Create a Box Unstructured Data Stream (Beta)

Create an unstructured data stream and unstructured data lake object (UDLO) in Data Cloud to ingest your organization’s content from Box Drive into Data Cloud. See the Unstructured Data Reference for a list of supported file formats.

User Permissions Needed 
To connect unstructured data from an external blob store:Data Cloud Architect

Before you begin:

  • Make sure that you’ve set up a Box connection, and you know the name of the Box connection.
  • Verify you have a list of Folder IDs for all the folders you want to ingest.
  1. From App Launcher, select Data Cloud.

  2. Click Data Lake Objects and then click New.

  3. Select the From External Files tile, and click Next.

  4. From the New Data Lake Object screen, choose the Box connector tile and click Next.

  5. From the Connection Details dropdown, choose the Box connection you previously created. Data Cloud auto-populates the source based on the connection that you select.

  6. Configure what content is ingested from the Box account you connected to Data Cloud.

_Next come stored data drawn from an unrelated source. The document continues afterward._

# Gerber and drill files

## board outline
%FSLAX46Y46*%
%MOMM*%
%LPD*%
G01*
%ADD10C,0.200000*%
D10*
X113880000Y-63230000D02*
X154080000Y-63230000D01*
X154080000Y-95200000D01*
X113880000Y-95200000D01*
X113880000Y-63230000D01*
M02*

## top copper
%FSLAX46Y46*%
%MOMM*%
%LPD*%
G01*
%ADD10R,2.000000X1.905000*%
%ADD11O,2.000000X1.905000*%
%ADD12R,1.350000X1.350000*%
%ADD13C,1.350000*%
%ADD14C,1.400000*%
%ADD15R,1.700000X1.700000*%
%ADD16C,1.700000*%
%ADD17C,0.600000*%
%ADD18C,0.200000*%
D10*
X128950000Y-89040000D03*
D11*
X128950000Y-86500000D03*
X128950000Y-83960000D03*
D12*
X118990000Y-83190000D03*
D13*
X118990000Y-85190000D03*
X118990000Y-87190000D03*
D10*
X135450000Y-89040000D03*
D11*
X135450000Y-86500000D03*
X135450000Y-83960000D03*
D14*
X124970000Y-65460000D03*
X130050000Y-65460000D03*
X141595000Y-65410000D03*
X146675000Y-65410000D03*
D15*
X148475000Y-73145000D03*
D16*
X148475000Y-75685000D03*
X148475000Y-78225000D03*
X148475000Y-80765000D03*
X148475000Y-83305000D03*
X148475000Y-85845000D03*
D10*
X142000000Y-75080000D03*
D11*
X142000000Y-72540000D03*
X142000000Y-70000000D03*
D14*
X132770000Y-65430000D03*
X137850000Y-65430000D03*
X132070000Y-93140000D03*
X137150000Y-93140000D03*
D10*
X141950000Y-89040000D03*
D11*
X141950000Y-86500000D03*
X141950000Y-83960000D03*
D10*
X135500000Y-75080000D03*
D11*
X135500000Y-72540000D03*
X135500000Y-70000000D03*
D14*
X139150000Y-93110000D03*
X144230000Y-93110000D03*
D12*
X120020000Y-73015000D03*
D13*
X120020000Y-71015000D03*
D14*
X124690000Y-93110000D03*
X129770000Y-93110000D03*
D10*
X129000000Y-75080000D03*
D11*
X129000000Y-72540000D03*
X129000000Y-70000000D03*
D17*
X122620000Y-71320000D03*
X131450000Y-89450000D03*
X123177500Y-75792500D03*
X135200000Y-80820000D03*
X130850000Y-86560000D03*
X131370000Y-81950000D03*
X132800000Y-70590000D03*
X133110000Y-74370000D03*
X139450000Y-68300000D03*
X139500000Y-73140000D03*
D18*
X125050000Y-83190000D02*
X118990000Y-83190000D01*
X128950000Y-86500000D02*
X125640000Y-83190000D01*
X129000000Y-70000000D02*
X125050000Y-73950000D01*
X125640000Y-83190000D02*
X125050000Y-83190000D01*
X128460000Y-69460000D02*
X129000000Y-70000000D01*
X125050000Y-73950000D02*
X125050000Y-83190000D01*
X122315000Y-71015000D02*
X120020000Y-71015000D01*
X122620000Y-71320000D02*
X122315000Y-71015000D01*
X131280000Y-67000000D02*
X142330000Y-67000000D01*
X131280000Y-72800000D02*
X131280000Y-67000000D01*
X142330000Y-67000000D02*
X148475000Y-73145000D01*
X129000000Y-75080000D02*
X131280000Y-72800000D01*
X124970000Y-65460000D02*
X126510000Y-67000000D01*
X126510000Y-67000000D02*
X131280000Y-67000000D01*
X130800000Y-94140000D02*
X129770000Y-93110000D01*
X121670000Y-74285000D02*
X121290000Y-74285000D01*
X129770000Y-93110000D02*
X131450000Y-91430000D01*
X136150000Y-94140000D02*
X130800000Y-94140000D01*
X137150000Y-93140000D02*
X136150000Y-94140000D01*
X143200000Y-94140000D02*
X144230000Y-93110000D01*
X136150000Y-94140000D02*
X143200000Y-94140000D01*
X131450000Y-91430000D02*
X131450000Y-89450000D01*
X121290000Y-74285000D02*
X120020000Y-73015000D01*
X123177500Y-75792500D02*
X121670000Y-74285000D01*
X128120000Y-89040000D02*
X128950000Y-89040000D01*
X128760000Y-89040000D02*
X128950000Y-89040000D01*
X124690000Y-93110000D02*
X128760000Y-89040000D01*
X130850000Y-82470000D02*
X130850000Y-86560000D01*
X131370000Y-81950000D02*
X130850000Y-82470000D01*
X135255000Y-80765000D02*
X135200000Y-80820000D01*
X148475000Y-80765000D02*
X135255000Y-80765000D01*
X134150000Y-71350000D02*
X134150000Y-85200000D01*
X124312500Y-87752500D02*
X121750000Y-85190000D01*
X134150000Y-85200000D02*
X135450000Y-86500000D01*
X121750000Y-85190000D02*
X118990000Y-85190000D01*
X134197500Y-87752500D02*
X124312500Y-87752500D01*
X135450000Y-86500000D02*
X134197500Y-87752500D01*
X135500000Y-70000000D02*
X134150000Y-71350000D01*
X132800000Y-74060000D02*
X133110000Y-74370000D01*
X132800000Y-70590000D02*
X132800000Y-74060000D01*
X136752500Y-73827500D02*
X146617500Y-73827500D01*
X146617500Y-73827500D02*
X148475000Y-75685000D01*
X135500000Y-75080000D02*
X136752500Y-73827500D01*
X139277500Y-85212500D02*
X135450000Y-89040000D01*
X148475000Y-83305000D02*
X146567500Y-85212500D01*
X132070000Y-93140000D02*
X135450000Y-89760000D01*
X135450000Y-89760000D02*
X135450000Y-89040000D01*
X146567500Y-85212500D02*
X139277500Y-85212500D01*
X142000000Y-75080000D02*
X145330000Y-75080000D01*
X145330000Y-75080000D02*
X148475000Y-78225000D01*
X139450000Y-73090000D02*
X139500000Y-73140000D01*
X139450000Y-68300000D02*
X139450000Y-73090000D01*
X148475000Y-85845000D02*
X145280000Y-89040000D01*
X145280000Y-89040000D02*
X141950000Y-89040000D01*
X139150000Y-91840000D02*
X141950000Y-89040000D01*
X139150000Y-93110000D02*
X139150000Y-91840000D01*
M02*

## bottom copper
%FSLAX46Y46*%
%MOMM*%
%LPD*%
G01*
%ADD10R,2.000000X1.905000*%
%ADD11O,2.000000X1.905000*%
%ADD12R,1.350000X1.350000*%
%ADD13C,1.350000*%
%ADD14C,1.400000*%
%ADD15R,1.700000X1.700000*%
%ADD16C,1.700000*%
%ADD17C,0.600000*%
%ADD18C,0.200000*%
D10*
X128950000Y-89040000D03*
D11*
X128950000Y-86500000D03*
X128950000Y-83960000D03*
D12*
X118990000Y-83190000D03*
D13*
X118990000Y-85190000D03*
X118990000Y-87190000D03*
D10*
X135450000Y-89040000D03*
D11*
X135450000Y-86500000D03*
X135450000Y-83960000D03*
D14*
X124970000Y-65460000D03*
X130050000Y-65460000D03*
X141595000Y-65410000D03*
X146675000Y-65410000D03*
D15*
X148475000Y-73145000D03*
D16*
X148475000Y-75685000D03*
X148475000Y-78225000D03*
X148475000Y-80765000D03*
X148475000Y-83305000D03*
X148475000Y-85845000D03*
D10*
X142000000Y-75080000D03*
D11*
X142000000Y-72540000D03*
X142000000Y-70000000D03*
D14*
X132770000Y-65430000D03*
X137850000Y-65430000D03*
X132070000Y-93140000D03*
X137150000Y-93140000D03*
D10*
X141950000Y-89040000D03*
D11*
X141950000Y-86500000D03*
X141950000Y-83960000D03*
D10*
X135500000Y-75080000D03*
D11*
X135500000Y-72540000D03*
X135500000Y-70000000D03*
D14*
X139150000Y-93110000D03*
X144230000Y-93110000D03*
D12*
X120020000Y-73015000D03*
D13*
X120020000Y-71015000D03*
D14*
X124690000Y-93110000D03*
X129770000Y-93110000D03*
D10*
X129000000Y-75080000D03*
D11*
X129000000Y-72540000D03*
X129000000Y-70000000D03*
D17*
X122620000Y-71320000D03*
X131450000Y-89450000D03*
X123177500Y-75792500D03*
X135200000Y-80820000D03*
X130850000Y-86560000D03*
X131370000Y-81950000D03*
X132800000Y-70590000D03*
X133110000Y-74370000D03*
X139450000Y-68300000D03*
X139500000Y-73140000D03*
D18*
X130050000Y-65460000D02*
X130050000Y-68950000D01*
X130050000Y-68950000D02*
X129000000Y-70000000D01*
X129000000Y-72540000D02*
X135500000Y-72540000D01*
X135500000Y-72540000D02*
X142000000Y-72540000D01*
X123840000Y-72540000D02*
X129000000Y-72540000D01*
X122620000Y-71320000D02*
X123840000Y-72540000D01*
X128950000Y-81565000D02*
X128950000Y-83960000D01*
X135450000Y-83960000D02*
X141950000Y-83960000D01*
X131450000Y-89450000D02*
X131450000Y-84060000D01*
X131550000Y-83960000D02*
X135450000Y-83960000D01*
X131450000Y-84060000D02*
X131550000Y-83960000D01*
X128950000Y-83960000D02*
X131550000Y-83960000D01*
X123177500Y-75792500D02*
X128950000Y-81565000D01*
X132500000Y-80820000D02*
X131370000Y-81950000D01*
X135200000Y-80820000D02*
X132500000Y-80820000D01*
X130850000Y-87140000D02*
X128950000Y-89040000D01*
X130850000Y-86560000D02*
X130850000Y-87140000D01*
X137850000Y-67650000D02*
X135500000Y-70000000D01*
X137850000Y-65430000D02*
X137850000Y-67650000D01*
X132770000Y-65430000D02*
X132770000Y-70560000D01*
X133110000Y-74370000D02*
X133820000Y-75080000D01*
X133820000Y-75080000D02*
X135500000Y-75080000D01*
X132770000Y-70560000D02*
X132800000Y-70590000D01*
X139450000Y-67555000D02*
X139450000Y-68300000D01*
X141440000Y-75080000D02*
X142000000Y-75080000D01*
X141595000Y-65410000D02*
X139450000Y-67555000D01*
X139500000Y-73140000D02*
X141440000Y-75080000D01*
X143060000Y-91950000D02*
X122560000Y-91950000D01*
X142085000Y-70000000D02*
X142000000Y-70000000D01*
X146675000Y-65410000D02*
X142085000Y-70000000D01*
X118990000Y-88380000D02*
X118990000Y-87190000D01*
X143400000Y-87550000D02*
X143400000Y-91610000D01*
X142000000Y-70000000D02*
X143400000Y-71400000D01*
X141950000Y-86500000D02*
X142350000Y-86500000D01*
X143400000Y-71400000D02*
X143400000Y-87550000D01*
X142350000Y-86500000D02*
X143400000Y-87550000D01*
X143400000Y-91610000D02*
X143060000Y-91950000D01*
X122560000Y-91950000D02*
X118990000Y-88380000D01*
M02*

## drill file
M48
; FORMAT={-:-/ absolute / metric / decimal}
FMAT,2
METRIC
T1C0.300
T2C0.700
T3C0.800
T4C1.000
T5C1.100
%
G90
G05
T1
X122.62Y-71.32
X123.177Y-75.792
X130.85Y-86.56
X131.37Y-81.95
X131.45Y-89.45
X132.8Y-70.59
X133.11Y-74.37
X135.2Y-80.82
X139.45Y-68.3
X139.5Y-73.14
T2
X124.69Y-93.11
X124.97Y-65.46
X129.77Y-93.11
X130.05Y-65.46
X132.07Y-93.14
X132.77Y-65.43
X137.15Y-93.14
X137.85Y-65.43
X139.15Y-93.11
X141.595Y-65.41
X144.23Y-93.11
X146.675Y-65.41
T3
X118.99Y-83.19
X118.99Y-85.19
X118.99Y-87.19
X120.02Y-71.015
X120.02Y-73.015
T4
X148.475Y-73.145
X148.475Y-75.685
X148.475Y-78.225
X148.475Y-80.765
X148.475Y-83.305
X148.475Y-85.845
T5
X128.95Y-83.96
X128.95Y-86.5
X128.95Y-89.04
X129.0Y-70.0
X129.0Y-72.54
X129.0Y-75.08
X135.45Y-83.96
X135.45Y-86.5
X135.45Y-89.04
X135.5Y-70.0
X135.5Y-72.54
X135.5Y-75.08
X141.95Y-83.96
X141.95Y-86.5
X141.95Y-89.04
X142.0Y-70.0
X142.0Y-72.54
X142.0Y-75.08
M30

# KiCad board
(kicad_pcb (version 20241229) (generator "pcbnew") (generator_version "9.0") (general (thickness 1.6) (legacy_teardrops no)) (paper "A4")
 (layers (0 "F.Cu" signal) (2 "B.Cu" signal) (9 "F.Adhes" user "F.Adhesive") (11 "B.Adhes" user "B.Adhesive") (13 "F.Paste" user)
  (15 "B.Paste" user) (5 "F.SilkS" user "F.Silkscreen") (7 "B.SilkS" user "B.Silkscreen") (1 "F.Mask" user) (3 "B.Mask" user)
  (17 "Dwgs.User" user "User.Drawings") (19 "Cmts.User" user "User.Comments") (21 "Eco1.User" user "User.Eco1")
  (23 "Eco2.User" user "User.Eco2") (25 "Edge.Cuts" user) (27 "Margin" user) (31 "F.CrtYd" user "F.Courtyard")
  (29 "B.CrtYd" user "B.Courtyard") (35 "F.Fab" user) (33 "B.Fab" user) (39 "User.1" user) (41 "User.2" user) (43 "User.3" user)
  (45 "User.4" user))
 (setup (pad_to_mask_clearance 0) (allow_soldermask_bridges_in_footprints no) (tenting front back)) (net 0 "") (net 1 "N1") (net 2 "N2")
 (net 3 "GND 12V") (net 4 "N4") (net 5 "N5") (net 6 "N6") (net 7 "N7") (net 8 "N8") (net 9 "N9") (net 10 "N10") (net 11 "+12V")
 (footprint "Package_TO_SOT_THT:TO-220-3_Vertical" (layer "F.Cu") (at 128.95 89.04 90)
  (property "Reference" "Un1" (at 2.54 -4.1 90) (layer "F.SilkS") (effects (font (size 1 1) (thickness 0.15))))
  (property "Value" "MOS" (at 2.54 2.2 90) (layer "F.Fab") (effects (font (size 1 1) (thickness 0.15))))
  (pad "1" thru_hole rect (at 0 0 90) (size 1.905 2) (drill 1.1) (layers "*.Cu" "*.Mask") (remove_unused_layers no) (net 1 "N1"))
  (pad "2" thru_hole oval (at 2.54 0 90) (size 1.905 2) (drill 1.1) (layers "*.Cu" "*.Mask") (remove_unused_layers no) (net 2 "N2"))
  (pad "3" thru_hole oval (at 5.08 0 90) (size 1.905 2) (drill 1.1) (layers "*.Cu" "*.Mask") (remove_unused_layers no) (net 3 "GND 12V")))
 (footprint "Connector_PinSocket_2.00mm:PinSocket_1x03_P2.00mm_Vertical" (layer "F.Cu") (at 118.99 83.19)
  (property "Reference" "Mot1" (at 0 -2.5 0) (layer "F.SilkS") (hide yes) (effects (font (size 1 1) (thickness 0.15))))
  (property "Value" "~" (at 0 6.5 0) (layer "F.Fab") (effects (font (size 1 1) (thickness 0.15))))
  (pad "1" thru_hole rect (at 0 0) (size 1.35 1.35) (drill 0.8) (layers "*.Cu" "*.Mask") (remove_unused_layers no) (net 2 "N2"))
  (pad "2" thru_hole circle (at 0 2) (size 1.35 1.35) (drill 0.8) (layers "*.Cu" "*.Mask") (remove_unused_layers no) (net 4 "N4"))
  (pad "3" thru_hole circle (at 0 4) (size 1.35 1.35) (drill 0.8) (layers "*.Cu" "*.Mask") (remove_unused_layers no) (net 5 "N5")))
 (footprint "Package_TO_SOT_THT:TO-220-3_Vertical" (layer "F.Cu") (at 135.45 89.04 90)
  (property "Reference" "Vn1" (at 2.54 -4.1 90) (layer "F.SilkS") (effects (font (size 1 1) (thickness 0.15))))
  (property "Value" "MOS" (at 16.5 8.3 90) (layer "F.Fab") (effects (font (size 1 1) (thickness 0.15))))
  (pad "1" thru_hole rect (at 0 0 90) (size 1.905 2) (drill 1.1) (layers "*.Cu" "*.Mask") (remove_unused_layers no) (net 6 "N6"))
  (pad "2" thru_hole oval (at 2.54 0 90) (size 1.905 2) (drill 1.1) (layers "*.Cu" "*.Mask") (remove_unused_layers no) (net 4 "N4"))
  (pad "3" thru_hole oval (at 5.08 0 90) (size 1.905 2) (drill 1.1) (layers "*.Cu" "*.Mask") (remove_unused_layers no) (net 3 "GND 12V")))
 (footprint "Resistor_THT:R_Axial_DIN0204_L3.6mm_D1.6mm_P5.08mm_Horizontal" (layer "F.Cu") (at 124.97 65.46)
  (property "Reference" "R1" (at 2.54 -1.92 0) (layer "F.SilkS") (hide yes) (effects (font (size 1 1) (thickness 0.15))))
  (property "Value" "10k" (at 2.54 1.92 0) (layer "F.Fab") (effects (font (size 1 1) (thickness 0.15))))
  (pad "1" thru_hole circle (at 0 0) (size 1.4 1.4) (drill 0.7) (layers "*.Cu" "*.Mask") (remove_unused_layers no) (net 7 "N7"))
  (pad "2" thru_hole circle (at 5.08 0) (size 1.4 1.4) (drill 0.7) (layers "*.Cu" "*.Mask") (remove_unused_layers no) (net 2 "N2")))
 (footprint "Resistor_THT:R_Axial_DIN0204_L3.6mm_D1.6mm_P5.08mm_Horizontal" (layer "F.Cu") (at 141.595 65.41)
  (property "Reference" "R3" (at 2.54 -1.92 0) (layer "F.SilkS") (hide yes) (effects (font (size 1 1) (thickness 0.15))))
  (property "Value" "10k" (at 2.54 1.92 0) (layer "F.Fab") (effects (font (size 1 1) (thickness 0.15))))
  (pad "1" thru_hole circle (at 0 0) (size 1.4 1.4) (drill 0.7) (layers "*.Cu" "*.Mask") (remove_unused_layers no) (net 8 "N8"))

From Box Folders to Include: add a comma-separated list of the folder IDs containing the content you want to ingest. If left empty, all content in all folders is ingested.

  7. Optionally, you can apply filters to limit ingestion to the content you want. There are several filters available to use. When you use more than one filter (even more than one filter of the same type), each filter applied removes or includes content from the number of files that are ingested. If you apply filters and you see that no content is being ingested, it may be because your filters are too restrictive. If you see content you didn’t intend to see, it may be because your filters are too broad.

    Apply any or all of the following filters:

    • File Types: Provide a comma-separated list of file extensions. For example, .pdf, .docx. Any file that matches the listed file extensions is included. If left empty, all file types are ingested.
    • Included Labels: Provide a comma-separated list of labels. Any content tagged with the provided label is ingested. If multiple labels are listed, only content tagged with both labels is ingested. Note that this field is case-sensitive. If you misspell a label, it is ignored.
    • Excluded Labels: Provide a comma-separated list of labels. Any content tagged with the provided label isn't ingested. If multiple labels are listed, only content tagged with both labels is excluded. Note that this field is case-sensitive. If you misspell a label, it is ignored.
    • Creation Date: Select a date from the calendar widget. Any content created on or after the provided date is ingested. Only one date can be used.
    • Last Update Date: Select a date from the calendar widget. Any content updated on or after the provided date is ingested. Only one date can be used.
  8. Click Next. The connector runs by default every two hours. You can monitor sync status in Data Stream status.

  9. To set up your unstructured lake object and its associated data model object, add an Object Name and an Object API Name for the UDLO. See Data Lake Object Naming Standards.

  10. Map the UDLO to a UDMO.

    1. To create a new UDMO, click New. Then select from the Data Space dropdown list a data space in which to create it. Add an Object Name and an Object API Name for the UDLO. See Data Lake Object Naming Standards.
    2. To use an existing UDMO, click Existing, and select a data space and a UDMO from the list from which to select the existing UDMO.
  11. Optionally, leave the checkbox selected to create a search index configuration for the UDMO using system defaults that automatically selects text fields and a chunking strategy for each field. You can deselect the checkbox and create a search index configuration later if you choose not to do so now.

  12. Click Next, or if you created a search index configuration, review the details, and save your work. The data stream ingests data from your Box drive into an unstructured data lake object (UDLO) and maps it to an unstructured data model object (UDMO). From this UDMO, a search index is created which can now be used to ground AI-generated responses.